● REQUIREMENT
Using the records that appear below, write out exactly the lines from the one with "X134590200Y-110481809D02*" through the one with "X104.25Y-113.623", keeping both end lines.

─── DATA SHOWN

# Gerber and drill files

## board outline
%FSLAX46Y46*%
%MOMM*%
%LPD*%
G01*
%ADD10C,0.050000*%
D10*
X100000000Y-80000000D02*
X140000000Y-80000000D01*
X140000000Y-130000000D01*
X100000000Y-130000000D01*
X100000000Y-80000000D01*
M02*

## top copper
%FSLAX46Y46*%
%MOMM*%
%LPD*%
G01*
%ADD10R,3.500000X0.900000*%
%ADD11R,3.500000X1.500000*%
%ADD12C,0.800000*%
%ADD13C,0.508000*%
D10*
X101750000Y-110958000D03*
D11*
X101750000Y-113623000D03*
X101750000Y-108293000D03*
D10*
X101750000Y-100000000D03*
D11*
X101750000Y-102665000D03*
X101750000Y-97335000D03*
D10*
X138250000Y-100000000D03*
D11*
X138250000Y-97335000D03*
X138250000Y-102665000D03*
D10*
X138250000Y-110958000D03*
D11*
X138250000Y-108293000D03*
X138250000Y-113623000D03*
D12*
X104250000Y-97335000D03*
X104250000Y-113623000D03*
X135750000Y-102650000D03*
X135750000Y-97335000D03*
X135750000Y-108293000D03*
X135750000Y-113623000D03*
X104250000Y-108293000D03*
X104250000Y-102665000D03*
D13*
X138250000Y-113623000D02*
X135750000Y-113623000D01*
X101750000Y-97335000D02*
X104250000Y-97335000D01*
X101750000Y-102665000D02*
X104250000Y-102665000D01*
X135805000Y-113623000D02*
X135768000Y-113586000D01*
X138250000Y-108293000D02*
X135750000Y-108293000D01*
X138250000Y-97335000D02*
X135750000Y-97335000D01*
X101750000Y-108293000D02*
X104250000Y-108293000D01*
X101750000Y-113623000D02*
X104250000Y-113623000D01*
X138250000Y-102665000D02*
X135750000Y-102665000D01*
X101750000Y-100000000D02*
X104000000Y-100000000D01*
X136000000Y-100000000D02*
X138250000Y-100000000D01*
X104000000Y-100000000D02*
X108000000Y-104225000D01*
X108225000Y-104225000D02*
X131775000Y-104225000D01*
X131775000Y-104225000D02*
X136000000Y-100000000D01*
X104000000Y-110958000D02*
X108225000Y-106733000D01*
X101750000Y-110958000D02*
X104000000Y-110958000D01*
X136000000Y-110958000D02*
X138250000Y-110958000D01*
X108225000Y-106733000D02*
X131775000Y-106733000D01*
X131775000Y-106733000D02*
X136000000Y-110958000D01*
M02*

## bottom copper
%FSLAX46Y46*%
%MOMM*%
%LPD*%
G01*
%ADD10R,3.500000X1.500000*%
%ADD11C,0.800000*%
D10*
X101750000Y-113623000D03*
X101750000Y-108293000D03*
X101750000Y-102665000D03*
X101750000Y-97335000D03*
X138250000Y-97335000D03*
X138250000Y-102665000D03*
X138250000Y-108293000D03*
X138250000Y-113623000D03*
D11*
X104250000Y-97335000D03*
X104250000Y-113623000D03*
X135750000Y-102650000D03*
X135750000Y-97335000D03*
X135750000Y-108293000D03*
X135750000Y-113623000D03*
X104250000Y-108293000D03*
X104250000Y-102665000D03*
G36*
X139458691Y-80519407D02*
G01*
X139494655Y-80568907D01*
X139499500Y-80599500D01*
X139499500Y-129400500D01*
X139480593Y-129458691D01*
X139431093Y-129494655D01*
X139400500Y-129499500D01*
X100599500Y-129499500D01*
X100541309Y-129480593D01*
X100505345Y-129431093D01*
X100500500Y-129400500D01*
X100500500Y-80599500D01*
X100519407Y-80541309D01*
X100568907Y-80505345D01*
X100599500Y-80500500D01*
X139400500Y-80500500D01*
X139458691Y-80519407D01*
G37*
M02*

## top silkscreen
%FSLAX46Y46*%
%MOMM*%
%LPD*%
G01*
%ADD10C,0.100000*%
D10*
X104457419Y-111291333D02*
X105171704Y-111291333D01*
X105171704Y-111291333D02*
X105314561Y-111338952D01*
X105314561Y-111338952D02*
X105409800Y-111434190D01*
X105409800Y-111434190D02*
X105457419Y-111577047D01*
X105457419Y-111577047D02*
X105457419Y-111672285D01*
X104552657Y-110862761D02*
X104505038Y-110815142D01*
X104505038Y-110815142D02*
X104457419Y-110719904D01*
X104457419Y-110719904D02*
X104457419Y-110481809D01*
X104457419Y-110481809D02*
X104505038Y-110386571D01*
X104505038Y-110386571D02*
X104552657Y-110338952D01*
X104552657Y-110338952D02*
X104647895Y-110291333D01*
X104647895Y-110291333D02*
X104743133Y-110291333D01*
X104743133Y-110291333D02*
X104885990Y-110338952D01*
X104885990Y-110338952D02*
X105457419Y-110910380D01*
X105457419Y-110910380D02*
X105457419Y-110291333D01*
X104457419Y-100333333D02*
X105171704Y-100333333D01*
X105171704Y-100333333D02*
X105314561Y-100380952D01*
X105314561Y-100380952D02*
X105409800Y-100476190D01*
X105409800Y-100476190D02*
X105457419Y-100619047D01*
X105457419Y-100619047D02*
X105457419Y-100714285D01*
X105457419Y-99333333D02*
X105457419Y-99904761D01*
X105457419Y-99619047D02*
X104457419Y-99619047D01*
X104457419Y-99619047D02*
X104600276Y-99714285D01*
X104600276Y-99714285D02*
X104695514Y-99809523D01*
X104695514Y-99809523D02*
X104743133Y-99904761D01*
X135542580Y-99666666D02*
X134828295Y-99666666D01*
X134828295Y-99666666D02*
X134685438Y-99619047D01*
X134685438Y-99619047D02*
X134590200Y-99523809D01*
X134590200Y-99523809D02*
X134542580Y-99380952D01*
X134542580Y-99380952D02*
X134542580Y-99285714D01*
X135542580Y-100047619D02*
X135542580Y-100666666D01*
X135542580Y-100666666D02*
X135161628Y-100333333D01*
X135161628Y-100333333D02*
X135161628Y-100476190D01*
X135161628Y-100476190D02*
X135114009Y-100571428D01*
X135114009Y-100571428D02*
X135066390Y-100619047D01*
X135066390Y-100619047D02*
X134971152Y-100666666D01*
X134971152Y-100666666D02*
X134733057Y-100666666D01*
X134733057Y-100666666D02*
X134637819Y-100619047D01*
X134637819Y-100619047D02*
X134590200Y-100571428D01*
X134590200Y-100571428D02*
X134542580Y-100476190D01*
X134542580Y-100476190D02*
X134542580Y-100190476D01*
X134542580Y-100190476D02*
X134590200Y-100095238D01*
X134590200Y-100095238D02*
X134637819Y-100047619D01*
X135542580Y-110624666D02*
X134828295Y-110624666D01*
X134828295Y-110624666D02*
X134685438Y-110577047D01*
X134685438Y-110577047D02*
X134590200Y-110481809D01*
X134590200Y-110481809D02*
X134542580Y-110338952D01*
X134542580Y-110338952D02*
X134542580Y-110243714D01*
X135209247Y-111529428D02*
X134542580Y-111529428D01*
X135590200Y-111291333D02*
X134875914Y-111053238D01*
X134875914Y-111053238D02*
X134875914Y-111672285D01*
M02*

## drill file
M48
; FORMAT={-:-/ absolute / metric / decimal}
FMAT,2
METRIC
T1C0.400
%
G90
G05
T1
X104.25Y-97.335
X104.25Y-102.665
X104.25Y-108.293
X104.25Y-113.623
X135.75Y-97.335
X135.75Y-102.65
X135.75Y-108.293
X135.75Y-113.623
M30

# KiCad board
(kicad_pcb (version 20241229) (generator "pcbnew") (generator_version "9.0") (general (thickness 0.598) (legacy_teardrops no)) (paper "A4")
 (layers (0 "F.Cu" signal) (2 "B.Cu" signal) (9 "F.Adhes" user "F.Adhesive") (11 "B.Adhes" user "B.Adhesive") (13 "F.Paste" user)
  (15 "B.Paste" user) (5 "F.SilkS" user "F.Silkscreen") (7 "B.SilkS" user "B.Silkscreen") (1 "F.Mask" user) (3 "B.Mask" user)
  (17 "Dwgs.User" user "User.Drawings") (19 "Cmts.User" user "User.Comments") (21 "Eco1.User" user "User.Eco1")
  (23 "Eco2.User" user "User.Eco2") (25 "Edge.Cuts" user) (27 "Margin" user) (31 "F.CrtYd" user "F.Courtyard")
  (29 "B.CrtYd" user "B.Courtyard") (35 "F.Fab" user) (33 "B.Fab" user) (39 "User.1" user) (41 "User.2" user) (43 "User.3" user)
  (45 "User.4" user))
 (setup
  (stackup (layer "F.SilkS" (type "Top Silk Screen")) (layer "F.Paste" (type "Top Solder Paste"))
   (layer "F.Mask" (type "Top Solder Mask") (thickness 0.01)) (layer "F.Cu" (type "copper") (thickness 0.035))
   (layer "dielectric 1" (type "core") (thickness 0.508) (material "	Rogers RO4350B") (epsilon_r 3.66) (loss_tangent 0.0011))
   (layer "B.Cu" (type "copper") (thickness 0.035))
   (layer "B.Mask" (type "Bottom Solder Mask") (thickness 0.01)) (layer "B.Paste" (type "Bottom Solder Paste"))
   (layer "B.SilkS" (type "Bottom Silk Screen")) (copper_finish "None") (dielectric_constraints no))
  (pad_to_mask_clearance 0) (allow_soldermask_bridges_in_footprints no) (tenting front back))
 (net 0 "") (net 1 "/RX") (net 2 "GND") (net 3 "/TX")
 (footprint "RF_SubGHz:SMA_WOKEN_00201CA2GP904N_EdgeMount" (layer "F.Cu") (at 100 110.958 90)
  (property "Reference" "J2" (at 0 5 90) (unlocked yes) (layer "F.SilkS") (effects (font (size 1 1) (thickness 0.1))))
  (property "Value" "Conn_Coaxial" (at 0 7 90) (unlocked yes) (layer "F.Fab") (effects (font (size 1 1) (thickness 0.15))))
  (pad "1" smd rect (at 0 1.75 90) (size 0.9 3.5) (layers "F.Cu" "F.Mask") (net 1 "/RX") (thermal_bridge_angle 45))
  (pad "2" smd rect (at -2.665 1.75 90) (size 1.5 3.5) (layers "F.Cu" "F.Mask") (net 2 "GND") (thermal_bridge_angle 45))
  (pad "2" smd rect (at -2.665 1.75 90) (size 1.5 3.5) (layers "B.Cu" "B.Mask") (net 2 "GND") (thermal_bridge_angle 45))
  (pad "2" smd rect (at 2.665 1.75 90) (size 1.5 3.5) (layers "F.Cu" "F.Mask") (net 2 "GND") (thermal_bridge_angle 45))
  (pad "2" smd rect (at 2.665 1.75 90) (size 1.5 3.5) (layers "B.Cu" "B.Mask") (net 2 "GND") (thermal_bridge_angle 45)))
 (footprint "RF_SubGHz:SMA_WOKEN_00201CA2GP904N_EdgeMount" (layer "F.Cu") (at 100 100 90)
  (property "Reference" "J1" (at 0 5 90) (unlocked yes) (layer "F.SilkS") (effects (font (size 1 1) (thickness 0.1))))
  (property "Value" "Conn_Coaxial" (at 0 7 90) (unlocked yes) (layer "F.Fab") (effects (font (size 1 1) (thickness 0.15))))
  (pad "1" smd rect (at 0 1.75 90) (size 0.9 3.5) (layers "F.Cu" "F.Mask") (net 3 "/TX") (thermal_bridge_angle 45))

──────

● WORKED SOLUTION
X134590200Y-110481809D02*
X134542580Y-110338952D01*
X134542580Y-110338952D02*
X134542580Y-110243714D01*
X135209247Y-111529428D02*
X134542580Y-111529428D01*
X135590200Y-111291333D02*
X134875914Y-111053238D01*
X134875914Y-111053238D02*
X134875914Y-111672285D01*
M02*

## drill file
M48
; FORMAT={-:-/ absolute / metric / decimal}
FMAT,2
METRIC
T1C0.400
%
G90
G05
T1
X104.25Y-97.335
X104.25Y-102.665
X104.25Y-108.293
X104.25Y-113.623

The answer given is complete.